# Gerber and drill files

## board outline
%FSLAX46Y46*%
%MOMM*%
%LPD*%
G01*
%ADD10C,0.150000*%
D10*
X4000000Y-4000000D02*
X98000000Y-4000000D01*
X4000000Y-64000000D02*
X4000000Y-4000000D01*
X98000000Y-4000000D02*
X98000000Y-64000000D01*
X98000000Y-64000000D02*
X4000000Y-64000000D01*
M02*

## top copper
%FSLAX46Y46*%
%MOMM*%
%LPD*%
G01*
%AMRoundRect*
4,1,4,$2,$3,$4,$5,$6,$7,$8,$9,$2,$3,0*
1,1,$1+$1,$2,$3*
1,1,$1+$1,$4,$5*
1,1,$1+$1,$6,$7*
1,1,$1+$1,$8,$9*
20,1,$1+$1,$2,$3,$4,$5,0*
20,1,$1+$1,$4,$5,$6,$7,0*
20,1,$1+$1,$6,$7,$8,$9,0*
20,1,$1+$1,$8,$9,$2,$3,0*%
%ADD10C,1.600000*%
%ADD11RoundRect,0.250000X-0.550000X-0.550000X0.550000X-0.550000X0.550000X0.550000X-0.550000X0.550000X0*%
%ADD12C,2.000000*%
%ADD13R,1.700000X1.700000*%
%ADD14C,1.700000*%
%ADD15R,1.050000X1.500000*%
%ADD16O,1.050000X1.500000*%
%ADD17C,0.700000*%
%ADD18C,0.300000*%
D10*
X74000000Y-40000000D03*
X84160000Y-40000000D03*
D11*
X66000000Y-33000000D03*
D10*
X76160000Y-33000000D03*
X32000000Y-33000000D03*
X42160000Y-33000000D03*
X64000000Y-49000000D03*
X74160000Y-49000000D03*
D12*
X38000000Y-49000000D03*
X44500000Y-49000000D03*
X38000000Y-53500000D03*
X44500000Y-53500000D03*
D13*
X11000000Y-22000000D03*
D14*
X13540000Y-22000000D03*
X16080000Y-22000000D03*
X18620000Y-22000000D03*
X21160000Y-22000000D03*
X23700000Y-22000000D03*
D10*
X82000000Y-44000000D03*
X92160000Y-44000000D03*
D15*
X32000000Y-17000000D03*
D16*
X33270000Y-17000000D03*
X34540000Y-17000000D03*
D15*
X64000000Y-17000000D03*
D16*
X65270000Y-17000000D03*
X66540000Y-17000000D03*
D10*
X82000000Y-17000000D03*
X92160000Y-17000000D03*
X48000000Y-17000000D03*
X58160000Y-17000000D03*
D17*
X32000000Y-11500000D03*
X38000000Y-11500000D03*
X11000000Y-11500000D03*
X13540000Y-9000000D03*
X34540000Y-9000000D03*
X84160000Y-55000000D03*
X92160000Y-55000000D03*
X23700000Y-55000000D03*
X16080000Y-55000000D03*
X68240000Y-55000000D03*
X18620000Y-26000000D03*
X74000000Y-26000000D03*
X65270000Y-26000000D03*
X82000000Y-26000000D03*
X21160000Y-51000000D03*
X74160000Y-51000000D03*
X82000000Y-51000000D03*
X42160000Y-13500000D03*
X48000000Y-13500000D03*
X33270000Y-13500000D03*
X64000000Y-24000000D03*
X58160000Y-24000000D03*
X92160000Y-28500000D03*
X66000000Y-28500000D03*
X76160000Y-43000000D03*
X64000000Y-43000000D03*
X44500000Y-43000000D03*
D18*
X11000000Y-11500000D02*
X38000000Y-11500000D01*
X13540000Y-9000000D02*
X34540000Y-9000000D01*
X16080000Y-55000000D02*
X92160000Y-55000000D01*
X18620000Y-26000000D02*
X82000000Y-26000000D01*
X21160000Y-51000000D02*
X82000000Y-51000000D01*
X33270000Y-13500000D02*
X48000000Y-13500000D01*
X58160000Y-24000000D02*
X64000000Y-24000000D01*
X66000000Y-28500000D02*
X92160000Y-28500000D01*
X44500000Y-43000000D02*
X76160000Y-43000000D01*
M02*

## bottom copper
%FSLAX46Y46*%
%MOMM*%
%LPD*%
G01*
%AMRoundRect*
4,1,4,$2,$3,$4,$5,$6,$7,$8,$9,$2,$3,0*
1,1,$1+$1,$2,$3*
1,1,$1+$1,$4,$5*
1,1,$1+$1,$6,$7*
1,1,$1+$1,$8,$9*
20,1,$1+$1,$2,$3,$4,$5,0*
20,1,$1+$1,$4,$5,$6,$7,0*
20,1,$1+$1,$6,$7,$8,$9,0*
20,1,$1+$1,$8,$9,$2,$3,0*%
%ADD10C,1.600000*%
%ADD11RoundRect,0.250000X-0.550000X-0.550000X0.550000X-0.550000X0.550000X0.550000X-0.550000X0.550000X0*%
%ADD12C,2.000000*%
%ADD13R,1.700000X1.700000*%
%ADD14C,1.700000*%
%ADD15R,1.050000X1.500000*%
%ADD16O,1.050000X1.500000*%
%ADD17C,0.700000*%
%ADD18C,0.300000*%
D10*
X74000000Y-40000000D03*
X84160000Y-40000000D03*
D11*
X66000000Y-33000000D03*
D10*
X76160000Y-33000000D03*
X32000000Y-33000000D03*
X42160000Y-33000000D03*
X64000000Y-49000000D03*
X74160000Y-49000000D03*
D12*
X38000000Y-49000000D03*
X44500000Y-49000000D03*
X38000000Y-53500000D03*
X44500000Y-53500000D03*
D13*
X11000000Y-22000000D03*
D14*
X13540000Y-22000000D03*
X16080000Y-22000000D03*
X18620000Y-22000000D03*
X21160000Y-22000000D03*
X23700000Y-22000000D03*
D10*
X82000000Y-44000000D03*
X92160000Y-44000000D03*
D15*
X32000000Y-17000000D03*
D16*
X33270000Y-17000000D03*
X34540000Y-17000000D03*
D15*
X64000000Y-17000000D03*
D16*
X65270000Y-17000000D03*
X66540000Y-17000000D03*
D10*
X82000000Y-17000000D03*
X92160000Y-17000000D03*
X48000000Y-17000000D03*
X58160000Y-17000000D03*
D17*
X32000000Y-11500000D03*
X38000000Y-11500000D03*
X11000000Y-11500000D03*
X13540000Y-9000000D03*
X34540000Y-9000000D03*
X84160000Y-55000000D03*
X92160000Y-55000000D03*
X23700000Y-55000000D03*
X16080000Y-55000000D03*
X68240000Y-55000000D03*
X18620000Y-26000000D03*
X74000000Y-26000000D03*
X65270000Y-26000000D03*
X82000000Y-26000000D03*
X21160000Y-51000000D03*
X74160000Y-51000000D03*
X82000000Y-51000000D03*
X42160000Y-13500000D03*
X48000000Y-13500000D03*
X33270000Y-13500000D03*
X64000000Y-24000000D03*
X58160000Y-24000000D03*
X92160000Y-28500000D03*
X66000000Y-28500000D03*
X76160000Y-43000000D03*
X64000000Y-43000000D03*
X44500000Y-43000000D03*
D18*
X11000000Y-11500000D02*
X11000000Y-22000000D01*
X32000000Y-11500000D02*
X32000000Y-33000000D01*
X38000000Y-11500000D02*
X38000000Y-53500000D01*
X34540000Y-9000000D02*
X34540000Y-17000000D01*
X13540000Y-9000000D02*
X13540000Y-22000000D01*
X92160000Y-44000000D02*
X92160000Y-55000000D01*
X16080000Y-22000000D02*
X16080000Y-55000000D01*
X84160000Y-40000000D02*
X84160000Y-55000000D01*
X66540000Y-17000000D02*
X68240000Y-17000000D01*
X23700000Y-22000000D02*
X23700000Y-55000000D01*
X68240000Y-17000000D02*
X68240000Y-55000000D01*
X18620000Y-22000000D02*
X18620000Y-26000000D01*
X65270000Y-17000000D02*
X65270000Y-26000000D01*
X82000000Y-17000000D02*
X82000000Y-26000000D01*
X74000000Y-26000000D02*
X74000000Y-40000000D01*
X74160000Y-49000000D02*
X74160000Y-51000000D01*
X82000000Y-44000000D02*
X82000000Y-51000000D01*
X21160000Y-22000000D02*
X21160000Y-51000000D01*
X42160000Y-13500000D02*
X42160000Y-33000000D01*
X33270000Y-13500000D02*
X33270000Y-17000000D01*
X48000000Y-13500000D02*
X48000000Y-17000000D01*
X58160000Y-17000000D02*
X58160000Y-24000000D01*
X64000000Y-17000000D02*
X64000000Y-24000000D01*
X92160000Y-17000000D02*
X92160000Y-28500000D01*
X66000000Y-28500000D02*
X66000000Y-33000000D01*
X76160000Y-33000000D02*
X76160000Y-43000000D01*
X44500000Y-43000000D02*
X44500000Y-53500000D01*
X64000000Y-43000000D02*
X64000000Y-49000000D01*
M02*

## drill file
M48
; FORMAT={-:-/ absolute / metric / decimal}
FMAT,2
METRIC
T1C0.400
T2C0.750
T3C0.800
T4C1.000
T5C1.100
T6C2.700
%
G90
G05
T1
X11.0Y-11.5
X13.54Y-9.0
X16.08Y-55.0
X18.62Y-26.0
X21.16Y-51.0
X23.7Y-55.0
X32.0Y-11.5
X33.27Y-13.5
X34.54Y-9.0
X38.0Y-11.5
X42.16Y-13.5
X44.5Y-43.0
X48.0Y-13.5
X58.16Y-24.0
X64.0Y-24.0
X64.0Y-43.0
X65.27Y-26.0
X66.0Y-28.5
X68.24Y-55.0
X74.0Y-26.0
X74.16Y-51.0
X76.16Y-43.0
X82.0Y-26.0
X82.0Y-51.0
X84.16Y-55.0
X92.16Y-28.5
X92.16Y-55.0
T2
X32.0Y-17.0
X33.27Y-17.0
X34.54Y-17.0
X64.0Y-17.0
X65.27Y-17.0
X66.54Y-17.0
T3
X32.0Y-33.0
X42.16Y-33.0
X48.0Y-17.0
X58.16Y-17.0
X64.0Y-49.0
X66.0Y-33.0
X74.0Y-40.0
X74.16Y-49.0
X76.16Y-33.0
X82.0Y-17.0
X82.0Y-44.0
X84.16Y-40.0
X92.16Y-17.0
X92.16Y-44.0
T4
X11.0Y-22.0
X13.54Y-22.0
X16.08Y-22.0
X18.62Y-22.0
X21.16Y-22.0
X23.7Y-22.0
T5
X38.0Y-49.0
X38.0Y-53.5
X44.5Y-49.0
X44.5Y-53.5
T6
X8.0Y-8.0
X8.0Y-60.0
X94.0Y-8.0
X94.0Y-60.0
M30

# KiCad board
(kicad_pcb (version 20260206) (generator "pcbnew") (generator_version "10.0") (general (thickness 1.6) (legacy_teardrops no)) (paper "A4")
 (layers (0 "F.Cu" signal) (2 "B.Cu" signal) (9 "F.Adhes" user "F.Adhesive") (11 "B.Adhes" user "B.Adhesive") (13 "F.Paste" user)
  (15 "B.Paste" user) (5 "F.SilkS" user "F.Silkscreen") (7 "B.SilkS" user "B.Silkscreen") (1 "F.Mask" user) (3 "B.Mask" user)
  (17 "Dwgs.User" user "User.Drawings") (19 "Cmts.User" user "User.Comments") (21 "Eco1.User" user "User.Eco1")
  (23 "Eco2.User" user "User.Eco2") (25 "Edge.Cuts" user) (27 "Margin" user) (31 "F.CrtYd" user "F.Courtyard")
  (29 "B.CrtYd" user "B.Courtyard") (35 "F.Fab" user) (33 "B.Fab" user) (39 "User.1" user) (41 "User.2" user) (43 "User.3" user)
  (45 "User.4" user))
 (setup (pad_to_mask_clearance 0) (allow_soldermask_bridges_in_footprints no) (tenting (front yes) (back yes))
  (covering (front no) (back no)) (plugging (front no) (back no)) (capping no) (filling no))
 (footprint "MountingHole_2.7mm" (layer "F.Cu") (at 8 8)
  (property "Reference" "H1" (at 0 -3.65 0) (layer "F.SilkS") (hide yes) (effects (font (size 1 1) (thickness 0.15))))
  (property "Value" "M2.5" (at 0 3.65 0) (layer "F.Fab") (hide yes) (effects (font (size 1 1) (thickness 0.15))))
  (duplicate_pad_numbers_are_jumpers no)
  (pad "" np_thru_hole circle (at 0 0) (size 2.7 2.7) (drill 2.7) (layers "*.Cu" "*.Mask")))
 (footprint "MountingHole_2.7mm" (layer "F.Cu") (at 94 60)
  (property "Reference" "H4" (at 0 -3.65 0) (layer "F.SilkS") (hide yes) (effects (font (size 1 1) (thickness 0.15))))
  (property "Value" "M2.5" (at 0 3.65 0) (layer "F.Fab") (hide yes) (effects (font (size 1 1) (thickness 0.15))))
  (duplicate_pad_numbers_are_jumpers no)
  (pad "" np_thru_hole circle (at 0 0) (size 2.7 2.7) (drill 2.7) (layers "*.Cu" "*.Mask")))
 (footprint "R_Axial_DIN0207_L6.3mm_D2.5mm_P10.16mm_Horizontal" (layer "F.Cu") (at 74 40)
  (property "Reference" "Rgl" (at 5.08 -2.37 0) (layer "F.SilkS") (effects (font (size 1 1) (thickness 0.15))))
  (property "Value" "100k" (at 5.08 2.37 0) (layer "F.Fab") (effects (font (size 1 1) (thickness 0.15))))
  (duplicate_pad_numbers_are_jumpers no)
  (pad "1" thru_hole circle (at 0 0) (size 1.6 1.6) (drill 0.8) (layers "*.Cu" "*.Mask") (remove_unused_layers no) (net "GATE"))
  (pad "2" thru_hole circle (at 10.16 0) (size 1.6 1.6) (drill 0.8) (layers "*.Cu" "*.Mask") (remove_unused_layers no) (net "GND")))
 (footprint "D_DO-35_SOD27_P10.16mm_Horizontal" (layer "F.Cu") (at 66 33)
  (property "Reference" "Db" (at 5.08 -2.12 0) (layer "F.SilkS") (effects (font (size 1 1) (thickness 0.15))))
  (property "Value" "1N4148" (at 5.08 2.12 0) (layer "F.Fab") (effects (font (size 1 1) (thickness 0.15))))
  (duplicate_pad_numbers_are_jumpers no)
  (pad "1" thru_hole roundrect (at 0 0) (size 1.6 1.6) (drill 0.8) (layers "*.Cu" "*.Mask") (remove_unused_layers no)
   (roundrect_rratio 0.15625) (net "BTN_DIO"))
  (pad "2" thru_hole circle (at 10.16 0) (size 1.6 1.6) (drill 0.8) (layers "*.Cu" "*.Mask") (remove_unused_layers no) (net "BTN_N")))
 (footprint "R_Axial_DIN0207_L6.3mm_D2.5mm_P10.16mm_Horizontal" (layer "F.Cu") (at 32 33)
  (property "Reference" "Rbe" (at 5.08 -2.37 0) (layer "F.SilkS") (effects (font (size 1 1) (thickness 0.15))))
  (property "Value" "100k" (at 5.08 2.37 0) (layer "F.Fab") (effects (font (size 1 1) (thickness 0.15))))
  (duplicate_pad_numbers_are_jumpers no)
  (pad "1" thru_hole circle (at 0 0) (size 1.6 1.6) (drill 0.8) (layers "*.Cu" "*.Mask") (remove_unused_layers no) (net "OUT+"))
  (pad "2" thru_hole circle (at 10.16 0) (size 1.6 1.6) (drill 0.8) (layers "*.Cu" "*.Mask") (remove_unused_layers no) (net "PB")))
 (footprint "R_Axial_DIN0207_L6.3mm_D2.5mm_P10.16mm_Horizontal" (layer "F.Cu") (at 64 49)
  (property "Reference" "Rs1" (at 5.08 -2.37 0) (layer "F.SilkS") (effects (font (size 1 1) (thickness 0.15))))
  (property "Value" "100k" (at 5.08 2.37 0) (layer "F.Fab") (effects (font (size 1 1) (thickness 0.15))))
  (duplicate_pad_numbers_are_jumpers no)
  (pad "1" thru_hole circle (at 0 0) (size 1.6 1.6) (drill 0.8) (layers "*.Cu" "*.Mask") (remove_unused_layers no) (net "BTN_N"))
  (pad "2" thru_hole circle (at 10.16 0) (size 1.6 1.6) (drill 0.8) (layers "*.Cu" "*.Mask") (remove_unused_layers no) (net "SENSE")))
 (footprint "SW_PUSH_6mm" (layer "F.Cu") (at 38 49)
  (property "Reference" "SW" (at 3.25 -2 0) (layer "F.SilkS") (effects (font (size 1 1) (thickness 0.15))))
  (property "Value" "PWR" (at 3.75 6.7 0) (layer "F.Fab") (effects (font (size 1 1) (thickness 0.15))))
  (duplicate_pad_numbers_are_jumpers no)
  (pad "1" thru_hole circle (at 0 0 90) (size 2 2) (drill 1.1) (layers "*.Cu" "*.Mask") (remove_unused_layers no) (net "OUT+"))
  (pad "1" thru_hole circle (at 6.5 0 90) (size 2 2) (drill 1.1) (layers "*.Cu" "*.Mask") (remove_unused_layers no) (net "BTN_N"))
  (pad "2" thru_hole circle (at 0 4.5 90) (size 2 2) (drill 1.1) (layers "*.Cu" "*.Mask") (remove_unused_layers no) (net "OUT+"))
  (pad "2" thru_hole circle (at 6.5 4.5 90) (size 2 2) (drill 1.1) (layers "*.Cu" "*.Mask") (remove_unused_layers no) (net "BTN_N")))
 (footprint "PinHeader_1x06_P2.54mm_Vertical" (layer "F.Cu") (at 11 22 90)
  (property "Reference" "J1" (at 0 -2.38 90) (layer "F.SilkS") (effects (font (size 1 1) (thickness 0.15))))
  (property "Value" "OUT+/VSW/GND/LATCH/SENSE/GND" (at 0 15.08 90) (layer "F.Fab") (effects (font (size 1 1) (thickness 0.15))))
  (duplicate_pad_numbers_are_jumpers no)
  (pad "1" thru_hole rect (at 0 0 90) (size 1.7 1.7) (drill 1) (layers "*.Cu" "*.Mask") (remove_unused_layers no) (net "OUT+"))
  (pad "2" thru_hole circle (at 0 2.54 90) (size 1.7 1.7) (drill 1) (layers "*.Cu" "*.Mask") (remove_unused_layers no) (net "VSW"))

┄┄┄┄┄┄

Goal of the exercise: Above are the records; report each line in them that includes the word "Reference".

Exercise solution:
  (property "Reference" "H1" (at 0 -3.65 0) (layer "F.SilkS") (hide yes) (effects (font (size 1 1) (thickness 0.15))))
  (property "Reference" "H4" (at 0 -3.65 0) (layer "F.SilkS") (hide yes) (effects (font (size 1 1) (thickness 0.15))))
  (property "Reference" "Rgl" (at 5.08 -2.37 0) (layer "F.SilkS") (effects (font (size 1 1) (thickness 0.15))))
  (property "Reference" "Db" (at 5.08 -2.12 0) (layer "F.SilkS") (effects (font (size 1 1) (thickness 0.15))))
  (property "Reference" "Rbe" (at 5.08 -2.37 0) (layer "F.SilkS") (effects (font (size 1 1) (thickness 0.15))))
  (property "Reference" "Rs1" (at 5.08 -2.37 0) (layer "F.SilkS") (effects (font (size 1 1) (thickness 0.15))))
  (property "Reference" "SW" (at 3.25 -2 0) (layer "F.SilkS") (effects (font (size 1 1) (thickness 0.15))))
  (property "Reference" "J1" (at 0 -2.38 90) (layer "F.SilkS") (effects (font (size 1 1) (thickness 0.15))))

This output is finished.